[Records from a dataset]
[Start of section]

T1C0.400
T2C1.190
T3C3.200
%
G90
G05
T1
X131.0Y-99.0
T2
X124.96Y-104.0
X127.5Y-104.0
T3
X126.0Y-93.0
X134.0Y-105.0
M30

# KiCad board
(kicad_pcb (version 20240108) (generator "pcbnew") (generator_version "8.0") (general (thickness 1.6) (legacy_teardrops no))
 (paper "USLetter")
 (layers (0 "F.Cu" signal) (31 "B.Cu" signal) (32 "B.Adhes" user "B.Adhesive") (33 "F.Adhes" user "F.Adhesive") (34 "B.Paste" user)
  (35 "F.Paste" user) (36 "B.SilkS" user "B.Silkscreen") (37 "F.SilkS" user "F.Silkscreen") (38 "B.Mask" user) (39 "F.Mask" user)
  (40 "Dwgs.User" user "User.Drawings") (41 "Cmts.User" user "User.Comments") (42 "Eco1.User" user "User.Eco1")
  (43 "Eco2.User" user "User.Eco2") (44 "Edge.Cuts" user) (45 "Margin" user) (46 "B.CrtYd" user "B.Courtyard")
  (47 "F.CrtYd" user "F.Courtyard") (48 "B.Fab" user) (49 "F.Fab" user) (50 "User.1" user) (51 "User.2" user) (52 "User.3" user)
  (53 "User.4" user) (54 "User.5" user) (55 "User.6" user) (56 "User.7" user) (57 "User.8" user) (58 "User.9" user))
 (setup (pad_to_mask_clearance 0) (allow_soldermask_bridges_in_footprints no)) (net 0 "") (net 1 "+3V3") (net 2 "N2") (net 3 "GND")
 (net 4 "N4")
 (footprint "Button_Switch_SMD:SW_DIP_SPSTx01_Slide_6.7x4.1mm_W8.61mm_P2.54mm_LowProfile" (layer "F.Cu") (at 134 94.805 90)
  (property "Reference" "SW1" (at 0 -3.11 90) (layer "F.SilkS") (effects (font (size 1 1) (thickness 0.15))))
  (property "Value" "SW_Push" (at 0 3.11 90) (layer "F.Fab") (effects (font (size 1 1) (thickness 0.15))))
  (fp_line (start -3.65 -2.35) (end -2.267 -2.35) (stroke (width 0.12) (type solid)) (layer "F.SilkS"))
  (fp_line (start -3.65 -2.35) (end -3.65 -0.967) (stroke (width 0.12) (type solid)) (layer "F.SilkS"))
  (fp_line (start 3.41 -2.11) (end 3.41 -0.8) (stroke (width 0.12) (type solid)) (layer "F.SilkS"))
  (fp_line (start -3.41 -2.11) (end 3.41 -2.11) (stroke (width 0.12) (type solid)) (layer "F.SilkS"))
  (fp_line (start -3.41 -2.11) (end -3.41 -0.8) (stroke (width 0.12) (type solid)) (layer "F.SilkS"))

[End of section]
[Start of section]

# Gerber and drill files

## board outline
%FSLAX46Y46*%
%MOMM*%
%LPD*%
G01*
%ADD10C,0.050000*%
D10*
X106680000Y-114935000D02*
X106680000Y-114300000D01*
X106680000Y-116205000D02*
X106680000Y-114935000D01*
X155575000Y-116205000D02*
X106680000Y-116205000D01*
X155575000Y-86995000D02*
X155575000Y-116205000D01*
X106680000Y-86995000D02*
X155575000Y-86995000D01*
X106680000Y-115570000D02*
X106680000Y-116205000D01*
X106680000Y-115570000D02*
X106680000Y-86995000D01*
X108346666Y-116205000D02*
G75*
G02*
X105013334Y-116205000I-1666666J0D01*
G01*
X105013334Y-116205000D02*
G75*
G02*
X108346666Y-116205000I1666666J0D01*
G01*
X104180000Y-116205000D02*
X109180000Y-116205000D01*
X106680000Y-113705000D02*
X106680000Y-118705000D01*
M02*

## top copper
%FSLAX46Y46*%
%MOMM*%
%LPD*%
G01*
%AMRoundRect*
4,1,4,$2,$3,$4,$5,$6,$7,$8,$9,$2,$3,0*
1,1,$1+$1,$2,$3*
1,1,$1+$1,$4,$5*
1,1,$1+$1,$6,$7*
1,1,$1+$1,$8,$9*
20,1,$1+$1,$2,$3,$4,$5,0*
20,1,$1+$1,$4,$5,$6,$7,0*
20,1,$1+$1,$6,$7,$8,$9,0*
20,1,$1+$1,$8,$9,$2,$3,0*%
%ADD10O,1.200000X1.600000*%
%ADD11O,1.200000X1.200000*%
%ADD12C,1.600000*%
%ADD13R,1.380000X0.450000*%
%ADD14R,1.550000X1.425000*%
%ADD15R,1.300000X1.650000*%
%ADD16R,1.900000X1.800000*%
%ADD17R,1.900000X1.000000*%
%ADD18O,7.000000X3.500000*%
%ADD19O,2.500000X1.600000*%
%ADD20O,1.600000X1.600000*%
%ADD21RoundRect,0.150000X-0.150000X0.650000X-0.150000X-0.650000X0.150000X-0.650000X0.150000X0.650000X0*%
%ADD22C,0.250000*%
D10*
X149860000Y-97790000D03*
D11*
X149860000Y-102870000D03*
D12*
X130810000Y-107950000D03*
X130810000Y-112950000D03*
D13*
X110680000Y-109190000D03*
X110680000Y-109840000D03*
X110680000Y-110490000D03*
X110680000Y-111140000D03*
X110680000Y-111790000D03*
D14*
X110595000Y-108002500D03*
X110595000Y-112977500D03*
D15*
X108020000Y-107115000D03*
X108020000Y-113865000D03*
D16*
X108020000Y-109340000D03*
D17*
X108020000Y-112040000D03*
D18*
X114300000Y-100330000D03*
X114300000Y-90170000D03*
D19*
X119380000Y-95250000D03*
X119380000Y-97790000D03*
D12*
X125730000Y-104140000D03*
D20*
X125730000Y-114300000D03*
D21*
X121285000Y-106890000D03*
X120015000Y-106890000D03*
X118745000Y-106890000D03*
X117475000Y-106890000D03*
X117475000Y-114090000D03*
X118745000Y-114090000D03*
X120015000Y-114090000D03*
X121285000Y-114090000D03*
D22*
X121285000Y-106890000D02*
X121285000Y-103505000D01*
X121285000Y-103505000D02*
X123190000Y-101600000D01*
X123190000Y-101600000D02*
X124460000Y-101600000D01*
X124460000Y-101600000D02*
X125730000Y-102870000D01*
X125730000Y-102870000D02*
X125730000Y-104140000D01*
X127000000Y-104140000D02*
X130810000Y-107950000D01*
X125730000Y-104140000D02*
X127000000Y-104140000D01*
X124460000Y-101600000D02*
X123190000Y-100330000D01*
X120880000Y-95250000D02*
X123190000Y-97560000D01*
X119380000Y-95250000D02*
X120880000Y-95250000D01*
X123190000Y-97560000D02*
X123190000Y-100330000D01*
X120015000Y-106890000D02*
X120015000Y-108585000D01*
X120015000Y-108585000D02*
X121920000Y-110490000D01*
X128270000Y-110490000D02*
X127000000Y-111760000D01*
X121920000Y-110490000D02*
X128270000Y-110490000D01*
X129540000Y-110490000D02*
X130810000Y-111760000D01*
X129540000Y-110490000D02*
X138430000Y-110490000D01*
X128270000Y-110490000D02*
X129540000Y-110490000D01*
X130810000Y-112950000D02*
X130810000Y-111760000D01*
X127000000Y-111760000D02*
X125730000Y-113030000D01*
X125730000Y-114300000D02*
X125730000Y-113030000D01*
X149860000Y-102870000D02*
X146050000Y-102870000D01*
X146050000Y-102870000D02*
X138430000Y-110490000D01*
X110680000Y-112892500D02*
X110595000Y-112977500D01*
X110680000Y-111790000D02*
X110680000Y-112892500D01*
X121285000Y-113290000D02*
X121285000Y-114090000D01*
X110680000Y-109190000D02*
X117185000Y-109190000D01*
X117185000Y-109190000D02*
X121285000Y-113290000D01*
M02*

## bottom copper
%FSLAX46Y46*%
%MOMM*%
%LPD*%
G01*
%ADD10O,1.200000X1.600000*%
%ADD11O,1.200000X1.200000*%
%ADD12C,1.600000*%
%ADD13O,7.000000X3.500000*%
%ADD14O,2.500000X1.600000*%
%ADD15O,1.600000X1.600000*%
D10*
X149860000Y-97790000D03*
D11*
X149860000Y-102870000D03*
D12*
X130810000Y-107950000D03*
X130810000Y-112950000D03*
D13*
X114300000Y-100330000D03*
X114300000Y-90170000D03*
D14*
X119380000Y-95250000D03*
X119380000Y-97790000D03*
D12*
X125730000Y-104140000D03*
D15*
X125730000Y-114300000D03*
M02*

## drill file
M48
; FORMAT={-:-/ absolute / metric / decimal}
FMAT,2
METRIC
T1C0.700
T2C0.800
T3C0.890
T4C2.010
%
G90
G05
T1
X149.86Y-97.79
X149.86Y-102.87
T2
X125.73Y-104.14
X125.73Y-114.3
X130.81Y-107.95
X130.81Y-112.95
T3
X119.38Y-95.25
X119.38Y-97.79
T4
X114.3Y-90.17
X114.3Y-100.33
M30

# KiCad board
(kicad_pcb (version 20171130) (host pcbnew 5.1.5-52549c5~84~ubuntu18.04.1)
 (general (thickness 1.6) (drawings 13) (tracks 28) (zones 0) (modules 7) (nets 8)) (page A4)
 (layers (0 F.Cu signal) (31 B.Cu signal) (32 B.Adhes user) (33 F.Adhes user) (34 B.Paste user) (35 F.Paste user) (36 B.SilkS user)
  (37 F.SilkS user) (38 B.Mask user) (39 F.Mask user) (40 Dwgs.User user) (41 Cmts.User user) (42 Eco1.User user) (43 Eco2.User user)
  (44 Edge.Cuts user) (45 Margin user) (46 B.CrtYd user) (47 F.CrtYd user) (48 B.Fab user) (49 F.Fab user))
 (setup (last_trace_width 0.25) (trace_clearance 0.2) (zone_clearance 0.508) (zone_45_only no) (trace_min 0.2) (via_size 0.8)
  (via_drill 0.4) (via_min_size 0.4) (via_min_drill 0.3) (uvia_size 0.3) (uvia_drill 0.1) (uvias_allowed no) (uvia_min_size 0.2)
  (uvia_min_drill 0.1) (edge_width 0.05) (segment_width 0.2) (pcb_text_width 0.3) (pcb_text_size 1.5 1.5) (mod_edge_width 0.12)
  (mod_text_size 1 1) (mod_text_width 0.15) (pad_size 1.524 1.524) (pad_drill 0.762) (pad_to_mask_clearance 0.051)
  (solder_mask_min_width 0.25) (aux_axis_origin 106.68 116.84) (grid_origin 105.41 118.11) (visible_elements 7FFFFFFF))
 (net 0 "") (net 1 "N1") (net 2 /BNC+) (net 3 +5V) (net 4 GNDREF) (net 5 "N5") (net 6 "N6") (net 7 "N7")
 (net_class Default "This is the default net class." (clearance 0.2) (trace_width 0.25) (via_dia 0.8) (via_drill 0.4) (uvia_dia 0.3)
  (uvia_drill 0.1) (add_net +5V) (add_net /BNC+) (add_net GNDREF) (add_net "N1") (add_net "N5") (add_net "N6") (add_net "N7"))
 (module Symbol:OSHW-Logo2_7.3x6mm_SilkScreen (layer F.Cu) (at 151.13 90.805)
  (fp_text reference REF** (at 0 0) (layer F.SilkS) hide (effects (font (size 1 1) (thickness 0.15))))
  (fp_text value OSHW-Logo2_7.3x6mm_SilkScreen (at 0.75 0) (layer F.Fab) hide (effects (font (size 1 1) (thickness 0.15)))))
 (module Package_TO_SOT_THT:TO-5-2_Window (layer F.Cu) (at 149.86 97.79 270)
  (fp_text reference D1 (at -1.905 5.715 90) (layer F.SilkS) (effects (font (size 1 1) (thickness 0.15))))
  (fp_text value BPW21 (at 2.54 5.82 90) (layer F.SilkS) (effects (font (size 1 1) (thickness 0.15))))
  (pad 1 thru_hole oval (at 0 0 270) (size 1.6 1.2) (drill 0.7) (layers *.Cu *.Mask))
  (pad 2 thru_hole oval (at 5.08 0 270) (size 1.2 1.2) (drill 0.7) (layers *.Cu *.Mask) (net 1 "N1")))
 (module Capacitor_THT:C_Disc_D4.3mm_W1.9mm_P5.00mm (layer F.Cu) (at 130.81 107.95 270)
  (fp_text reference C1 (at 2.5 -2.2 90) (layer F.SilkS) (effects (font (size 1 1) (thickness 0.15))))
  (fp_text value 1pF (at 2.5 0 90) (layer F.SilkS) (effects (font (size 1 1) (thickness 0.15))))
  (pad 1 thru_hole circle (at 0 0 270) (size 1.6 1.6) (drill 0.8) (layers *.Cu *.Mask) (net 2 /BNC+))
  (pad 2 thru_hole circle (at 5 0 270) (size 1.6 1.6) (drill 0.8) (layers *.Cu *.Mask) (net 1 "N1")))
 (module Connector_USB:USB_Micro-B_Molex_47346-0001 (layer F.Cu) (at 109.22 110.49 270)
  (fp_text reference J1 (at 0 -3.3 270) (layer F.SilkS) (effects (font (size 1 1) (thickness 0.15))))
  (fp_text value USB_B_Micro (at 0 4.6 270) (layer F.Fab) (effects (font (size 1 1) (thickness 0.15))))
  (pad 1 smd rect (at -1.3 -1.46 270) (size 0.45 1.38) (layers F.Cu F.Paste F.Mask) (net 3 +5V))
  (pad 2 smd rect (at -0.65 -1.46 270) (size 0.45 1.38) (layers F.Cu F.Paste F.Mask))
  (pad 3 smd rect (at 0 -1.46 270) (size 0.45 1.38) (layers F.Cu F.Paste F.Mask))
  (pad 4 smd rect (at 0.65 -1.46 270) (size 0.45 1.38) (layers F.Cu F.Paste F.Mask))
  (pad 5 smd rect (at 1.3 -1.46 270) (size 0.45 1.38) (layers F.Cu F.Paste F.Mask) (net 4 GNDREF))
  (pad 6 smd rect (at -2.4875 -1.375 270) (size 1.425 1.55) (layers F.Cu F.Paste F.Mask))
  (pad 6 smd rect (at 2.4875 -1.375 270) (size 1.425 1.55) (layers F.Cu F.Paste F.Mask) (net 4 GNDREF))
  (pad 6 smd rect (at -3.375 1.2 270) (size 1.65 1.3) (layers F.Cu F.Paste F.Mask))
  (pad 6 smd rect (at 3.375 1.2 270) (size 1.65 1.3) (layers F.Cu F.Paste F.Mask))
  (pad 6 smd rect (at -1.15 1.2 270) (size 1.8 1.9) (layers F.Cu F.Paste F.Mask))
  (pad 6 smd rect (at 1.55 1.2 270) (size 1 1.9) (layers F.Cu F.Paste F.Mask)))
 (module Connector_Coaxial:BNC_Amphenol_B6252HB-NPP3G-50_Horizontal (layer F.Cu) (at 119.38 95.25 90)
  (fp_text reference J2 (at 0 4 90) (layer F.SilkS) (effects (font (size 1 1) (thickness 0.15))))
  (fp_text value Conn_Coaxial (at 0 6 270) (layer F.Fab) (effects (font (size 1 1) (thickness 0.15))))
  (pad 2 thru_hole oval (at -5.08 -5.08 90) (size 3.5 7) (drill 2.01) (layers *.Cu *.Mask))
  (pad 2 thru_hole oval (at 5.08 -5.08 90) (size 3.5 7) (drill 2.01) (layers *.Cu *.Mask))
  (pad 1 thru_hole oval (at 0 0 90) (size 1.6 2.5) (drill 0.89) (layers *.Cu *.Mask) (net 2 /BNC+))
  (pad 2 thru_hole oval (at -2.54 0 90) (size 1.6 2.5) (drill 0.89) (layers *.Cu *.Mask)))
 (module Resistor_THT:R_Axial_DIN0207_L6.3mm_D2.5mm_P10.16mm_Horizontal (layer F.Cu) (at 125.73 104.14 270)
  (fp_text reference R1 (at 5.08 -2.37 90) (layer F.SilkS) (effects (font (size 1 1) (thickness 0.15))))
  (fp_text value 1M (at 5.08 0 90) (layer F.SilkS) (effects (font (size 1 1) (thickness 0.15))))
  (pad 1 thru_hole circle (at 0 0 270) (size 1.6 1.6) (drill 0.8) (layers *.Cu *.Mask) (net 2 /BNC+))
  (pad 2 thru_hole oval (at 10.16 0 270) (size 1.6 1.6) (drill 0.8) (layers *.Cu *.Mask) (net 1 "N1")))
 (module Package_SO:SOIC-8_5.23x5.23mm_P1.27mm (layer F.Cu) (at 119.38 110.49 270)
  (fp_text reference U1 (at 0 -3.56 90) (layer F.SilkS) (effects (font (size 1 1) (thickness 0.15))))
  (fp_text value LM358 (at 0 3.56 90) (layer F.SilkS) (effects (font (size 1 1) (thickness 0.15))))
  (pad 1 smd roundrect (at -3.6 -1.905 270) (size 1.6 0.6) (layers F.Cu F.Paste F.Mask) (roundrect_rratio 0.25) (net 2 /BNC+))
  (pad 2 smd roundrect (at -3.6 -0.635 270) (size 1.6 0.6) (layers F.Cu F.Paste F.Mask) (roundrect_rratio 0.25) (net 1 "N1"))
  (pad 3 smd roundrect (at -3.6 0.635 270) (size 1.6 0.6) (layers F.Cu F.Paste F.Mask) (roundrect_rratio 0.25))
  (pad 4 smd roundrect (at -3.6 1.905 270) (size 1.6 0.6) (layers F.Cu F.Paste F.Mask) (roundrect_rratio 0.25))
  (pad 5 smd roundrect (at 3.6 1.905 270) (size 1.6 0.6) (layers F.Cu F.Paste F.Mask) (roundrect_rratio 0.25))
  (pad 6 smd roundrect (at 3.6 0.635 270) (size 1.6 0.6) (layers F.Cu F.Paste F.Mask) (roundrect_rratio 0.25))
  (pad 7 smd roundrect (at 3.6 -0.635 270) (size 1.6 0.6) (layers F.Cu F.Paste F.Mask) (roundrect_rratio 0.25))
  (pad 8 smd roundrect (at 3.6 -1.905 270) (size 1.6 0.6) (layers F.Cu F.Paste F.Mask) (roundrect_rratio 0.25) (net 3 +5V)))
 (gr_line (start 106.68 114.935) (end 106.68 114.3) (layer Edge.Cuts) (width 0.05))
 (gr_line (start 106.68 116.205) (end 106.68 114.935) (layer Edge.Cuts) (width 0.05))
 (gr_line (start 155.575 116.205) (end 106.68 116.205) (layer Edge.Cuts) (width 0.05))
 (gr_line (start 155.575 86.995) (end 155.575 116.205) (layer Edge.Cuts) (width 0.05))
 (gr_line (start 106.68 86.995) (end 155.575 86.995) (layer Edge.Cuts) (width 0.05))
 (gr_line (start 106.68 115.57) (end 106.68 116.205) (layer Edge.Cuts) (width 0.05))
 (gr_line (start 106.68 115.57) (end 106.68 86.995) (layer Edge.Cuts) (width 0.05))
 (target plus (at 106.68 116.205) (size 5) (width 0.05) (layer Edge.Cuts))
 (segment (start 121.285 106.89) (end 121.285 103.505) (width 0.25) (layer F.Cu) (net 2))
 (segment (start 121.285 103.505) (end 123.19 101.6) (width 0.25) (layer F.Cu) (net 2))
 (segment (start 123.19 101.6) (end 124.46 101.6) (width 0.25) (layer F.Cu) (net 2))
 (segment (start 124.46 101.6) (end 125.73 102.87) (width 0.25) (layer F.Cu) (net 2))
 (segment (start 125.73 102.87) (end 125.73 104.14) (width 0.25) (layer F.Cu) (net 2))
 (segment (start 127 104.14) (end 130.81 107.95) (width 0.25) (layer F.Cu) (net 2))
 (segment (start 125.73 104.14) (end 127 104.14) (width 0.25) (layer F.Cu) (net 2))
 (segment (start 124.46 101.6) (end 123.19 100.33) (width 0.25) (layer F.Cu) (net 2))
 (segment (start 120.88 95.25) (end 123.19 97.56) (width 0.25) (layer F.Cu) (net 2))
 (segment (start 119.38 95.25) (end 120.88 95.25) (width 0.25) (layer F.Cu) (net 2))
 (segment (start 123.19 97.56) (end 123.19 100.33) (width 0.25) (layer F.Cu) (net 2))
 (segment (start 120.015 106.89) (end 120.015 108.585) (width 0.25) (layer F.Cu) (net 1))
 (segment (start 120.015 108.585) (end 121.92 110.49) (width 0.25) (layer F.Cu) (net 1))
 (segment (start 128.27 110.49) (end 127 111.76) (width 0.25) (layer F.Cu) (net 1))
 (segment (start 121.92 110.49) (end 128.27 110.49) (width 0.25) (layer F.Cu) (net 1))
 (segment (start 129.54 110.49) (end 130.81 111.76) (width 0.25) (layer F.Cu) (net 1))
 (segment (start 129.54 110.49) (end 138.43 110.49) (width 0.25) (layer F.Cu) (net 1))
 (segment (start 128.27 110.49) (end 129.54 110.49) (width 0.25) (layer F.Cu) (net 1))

[End of section]

(Aim of the task)
Reproduce verbatim the lines above, from the line with "0.4) (uvia_dia 0.3)" through the line with "(fp_text reference C1".

(Result of the task)
 (net_class Default "This is the default net class." (clearance 0.2) (trace_width 0.25) (via_dia 0.8) (via_drill 0.4) (uvia_dia 0.3)
  (uvia_drill 0.1) (add_net +5V) (add_net /BNC+) (add_net GNDREF) (add_net "N1") (add_net "N5") (add_net "N6") (add_net "N7"))
 (module Symbol:OSHW-Logo2_7.3x6mm_SilkScreen (layer F.Cu) (at 151.13 90.805)
  (fp_text reference REF** (at 0 0) (layer F.SilkS) hide (effects (font (size 1 1) (thickness 0.15))))
  (fp_text value OSHW-Logo2_7.3x6mm_SilkScreen (at 0.75 0) (layer F.Fab) hide (effects (font (size 1 1) (thickness 0.15)))))
 (module Package_TO_SOT_THT:TO-5-2_Window (layer F.Cu) (at 149.86 97.79 270)
  (fp_text reference D1 (at -1.905 5.715 90) (layer F.SilkS) (effects (font (size 1 1) (thickness 0.15))))
  (fp_text value BPW21 (at 2.54 5.82 90) (layer F.SilkS) (effects (font (size 1 1) (thickness 0.15))))
  (pad 1 thru_hole oval (at 0 0 270) (size 1.6 1.2) (drill 0.7) (layers *.Cu *.Mask))
  (pad 2 thru_hole oval (at 5.08 0 270) (size 1.2 1.2) (drill 0.7) (layers *.Cu *.Mask) (net 1 "N1")))
 (module Capacitor_THT:C_Disc_D4.3mm_W1.9mm_P5.00mm (layer F.Cu) (at 130.81 107.95 270)
  (fp_text reference C1 (at 2.5 -2.2 90) (layer F.SilkS) (effects (font (size 1 1) (thickness 0.15))))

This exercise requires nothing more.